Fifty years have passed since Conway’s invention of the Game of Life, and there is still considerable interest, leading to new interesting patterns every year. There exists a comprehensive Life Wiki, similar to Wikipedia, containing at the moment more than 2100 articles. Here is the main page of the wiki.

Notice at the right a list of pattern categories. The Wiki contains at the moment more than 1350 pattern pages. Each page gives a description of the pattern and an option to watch the development of the pattern, by launching the so-called Lifeviewer at the right side of each page. I have linked the patterns described above to the corresponding Wiki page.

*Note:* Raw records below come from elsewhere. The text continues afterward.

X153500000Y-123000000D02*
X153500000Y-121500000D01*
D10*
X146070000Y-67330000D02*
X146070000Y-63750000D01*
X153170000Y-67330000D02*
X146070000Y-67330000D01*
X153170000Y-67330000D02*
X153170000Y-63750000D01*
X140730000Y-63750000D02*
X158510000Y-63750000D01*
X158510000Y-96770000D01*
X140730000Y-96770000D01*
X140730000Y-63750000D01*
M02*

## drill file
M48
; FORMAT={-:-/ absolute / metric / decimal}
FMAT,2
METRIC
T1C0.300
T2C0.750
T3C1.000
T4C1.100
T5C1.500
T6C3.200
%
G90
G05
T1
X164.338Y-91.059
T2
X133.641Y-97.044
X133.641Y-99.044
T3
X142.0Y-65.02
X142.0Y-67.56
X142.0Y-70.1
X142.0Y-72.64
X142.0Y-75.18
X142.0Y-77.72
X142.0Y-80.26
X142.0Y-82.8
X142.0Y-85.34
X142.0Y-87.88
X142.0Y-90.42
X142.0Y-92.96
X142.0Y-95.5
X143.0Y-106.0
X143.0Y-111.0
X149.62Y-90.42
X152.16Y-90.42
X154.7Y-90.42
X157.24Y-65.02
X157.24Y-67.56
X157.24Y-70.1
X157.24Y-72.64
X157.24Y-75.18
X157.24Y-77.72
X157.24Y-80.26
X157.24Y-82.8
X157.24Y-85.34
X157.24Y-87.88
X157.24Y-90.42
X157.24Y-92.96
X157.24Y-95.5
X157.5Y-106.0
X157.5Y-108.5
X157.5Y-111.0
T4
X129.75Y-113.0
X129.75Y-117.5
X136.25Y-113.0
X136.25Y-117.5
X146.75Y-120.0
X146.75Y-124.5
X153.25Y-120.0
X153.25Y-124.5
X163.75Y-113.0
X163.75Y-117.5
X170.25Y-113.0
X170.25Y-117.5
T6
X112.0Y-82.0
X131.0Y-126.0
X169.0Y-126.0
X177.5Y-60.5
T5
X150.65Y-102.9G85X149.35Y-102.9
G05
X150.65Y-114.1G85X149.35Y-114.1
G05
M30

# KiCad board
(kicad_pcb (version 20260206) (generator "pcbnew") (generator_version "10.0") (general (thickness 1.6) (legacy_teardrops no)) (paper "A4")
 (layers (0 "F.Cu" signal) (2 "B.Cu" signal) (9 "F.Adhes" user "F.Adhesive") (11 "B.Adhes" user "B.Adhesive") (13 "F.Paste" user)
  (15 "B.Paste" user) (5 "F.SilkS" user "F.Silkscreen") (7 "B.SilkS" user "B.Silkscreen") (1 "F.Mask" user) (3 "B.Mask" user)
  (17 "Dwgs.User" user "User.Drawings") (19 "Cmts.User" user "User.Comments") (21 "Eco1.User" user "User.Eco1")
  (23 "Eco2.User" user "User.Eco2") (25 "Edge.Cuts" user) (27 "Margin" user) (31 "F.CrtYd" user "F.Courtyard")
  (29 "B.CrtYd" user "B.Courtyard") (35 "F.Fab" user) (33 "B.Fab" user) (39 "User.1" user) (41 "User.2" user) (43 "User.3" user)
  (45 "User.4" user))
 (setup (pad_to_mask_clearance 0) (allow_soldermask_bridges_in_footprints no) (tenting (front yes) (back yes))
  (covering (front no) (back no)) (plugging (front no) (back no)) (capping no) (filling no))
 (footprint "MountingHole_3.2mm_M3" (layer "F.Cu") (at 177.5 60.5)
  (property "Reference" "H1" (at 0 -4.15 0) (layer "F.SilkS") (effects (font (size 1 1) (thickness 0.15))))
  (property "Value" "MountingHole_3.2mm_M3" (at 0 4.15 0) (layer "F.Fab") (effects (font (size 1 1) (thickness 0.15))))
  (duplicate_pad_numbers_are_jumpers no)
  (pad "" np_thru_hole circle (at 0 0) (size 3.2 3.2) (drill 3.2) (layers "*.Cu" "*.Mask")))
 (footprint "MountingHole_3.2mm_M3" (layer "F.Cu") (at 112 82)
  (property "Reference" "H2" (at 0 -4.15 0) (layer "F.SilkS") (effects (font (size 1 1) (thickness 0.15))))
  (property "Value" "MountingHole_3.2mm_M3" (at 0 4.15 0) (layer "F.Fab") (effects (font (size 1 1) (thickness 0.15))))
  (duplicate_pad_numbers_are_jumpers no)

There is a yearly competition for the Pattern of the Year . Here are a few winners :

- David Hilbert (2019) , 122 cells an oscillator with period 23
- Sir Robin (2018) , 282 cells, a spaceship moving in an oblique direction
- Lobster (2011), 83 cells, another spaceship, diagonally moving

Not always use the creators fancy names. Here is the p416 60P5H2V0 gun (left image) It has 26342 cells and fires gliders from four directions which collide in such a way that every 416 generations a 60P5H2V0 spaceship (right image) is produced. The center image shows a just completed spaceship, while gliders are already approaching to form a new one. Fascinating. When you click on the image, you can watch a YouTube video of the process.

You can play with the Lifeviewer , by clicking the image below. You start with a blank grid, where you can draw any pattern you like. The Lifeviewer is versatile and powerful, it may take some time to get to know all the options, just give it a try!

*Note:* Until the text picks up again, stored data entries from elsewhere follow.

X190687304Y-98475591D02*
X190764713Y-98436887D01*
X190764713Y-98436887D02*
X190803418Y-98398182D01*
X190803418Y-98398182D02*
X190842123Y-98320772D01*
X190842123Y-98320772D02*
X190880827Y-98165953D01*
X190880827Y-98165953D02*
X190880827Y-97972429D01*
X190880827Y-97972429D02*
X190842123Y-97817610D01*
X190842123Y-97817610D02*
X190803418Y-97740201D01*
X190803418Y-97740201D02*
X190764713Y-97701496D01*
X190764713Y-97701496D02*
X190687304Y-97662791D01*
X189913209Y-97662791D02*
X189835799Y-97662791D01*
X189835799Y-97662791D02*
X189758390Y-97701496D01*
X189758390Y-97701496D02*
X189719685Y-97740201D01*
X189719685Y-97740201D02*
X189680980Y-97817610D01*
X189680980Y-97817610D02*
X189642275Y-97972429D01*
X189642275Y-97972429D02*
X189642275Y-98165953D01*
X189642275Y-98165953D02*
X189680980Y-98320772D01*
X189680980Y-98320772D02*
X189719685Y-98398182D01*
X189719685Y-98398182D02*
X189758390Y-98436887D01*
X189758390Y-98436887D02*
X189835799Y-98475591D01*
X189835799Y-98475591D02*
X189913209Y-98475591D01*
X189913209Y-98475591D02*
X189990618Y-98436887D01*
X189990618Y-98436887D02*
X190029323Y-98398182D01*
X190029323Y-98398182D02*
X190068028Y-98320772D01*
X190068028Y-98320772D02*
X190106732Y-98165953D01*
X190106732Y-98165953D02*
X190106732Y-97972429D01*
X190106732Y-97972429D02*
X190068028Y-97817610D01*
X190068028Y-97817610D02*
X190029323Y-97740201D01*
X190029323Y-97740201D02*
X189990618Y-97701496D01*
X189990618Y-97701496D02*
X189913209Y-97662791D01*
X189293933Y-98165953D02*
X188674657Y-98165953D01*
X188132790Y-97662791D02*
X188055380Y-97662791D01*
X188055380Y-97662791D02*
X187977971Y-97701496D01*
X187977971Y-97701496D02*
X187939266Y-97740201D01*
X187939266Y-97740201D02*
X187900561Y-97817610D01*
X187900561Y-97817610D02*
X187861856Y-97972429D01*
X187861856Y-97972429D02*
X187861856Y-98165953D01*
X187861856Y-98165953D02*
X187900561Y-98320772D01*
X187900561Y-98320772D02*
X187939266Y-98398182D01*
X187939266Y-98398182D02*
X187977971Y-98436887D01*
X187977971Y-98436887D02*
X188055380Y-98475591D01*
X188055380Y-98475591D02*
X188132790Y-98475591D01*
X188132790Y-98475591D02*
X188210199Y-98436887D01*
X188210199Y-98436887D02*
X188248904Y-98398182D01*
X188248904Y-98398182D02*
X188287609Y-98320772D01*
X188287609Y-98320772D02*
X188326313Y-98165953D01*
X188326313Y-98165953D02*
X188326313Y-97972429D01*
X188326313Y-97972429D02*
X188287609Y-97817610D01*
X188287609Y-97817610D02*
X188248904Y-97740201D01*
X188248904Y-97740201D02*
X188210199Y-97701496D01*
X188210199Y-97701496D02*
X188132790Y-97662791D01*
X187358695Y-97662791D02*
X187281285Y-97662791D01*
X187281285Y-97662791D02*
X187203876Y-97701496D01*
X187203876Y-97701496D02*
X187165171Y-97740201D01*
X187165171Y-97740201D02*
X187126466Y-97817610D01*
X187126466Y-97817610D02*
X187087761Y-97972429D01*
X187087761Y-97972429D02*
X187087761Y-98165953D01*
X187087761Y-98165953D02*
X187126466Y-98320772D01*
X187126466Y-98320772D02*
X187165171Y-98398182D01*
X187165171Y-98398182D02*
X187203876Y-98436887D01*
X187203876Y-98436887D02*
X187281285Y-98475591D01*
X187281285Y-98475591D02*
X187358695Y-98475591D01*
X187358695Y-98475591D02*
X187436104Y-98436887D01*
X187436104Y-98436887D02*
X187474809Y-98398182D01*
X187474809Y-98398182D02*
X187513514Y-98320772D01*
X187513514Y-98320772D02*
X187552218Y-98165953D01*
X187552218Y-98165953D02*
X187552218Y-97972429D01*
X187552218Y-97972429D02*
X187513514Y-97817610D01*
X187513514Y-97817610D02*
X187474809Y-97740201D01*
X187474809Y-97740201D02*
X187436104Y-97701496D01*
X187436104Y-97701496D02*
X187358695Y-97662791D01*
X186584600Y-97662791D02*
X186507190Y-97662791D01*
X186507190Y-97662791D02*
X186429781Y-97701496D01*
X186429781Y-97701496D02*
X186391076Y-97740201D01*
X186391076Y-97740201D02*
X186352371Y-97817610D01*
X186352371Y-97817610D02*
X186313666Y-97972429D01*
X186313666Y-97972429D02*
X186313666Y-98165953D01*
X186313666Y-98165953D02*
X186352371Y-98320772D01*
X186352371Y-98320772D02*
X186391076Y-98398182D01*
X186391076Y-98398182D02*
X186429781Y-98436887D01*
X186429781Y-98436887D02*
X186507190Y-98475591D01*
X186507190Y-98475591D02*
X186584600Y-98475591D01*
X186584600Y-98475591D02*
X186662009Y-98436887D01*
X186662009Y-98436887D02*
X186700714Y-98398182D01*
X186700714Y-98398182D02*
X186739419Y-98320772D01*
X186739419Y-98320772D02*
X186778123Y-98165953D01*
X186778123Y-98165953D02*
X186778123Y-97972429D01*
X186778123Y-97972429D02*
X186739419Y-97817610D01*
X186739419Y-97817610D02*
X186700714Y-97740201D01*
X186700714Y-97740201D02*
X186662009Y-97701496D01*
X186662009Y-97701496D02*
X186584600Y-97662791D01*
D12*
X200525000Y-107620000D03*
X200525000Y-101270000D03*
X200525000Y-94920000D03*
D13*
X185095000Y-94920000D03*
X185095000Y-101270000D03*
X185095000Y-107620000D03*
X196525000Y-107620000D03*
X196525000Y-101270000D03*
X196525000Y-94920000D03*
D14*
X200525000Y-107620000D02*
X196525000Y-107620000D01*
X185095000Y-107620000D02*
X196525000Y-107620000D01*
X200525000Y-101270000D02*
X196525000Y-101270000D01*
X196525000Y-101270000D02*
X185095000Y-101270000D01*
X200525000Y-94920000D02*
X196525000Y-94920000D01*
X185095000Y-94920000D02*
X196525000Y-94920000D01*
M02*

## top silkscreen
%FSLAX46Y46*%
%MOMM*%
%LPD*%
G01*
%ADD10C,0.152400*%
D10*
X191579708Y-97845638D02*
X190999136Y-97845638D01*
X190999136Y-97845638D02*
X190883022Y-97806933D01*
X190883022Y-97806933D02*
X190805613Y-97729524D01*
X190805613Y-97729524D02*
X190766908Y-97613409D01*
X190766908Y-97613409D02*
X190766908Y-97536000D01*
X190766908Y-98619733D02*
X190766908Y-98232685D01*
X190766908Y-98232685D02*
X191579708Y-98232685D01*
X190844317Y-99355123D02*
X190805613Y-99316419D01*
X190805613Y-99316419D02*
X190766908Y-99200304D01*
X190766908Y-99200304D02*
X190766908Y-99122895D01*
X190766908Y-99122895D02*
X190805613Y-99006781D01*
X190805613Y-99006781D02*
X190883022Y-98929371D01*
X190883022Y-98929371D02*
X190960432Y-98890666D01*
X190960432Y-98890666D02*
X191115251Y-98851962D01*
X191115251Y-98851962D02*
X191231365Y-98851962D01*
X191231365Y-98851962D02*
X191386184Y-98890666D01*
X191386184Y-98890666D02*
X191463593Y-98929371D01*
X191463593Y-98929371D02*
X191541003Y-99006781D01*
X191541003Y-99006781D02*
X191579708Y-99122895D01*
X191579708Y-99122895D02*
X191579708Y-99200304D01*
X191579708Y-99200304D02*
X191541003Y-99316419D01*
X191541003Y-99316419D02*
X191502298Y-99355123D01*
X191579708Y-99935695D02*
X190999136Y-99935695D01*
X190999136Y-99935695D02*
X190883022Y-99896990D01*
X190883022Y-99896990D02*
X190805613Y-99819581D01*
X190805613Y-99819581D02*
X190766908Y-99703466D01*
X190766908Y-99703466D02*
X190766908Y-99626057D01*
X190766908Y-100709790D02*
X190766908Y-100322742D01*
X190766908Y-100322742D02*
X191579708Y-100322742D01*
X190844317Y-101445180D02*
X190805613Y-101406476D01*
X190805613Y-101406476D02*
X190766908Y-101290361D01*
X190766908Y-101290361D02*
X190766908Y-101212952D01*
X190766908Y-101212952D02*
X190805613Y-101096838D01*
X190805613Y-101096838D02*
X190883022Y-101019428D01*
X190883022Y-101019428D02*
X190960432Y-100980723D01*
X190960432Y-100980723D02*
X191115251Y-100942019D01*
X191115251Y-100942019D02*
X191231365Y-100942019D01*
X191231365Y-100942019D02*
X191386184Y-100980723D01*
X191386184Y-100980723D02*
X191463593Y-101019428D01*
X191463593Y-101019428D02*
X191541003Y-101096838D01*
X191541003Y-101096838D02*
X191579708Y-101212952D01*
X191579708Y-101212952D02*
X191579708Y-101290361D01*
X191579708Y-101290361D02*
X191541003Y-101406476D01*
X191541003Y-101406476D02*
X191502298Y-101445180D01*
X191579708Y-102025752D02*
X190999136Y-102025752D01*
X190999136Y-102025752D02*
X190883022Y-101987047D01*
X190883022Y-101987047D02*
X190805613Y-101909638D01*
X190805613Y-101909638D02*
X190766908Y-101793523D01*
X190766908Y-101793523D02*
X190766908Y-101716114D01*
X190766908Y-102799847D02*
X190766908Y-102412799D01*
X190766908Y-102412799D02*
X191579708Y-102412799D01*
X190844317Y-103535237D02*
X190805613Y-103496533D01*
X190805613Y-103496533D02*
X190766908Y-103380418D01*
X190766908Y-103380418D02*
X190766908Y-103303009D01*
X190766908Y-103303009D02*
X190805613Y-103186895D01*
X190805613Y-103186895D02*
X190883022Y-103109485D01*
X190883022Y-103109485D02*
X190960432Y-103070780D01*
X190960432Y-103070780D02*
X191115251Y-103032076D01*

Let me finish this post with a few general remarks.

- The Game of Life is deterministic but unpredictable. Simple rules lead to complex behavior. All my life that has been a topic of great interest to me.
- When I got my first desktop computer, in the eighties, I wrote my own Game of Life program, in Pascal and partly in Assembler. I took part in a competition. No prize but a honourable mention that my program was very fast. Nowadays a lot of software exists, powerful and of course much faster. Golly is the most popular one, you can download it here.
- The Game of Life is much more than a collection of beautiful patterns. It has been shown by Conway himself that the Game of Life is a Universal Turing Machine, it can perform any calculation that a computer can do. The Pi-calculator calculates the decimal digits of π , the Primer uses the Sieve of Eratosthenes to determine the prime numbers. AND and OR gates can be constructed, etc.
- The Game of life is an example of what is called a Cellular Automaton.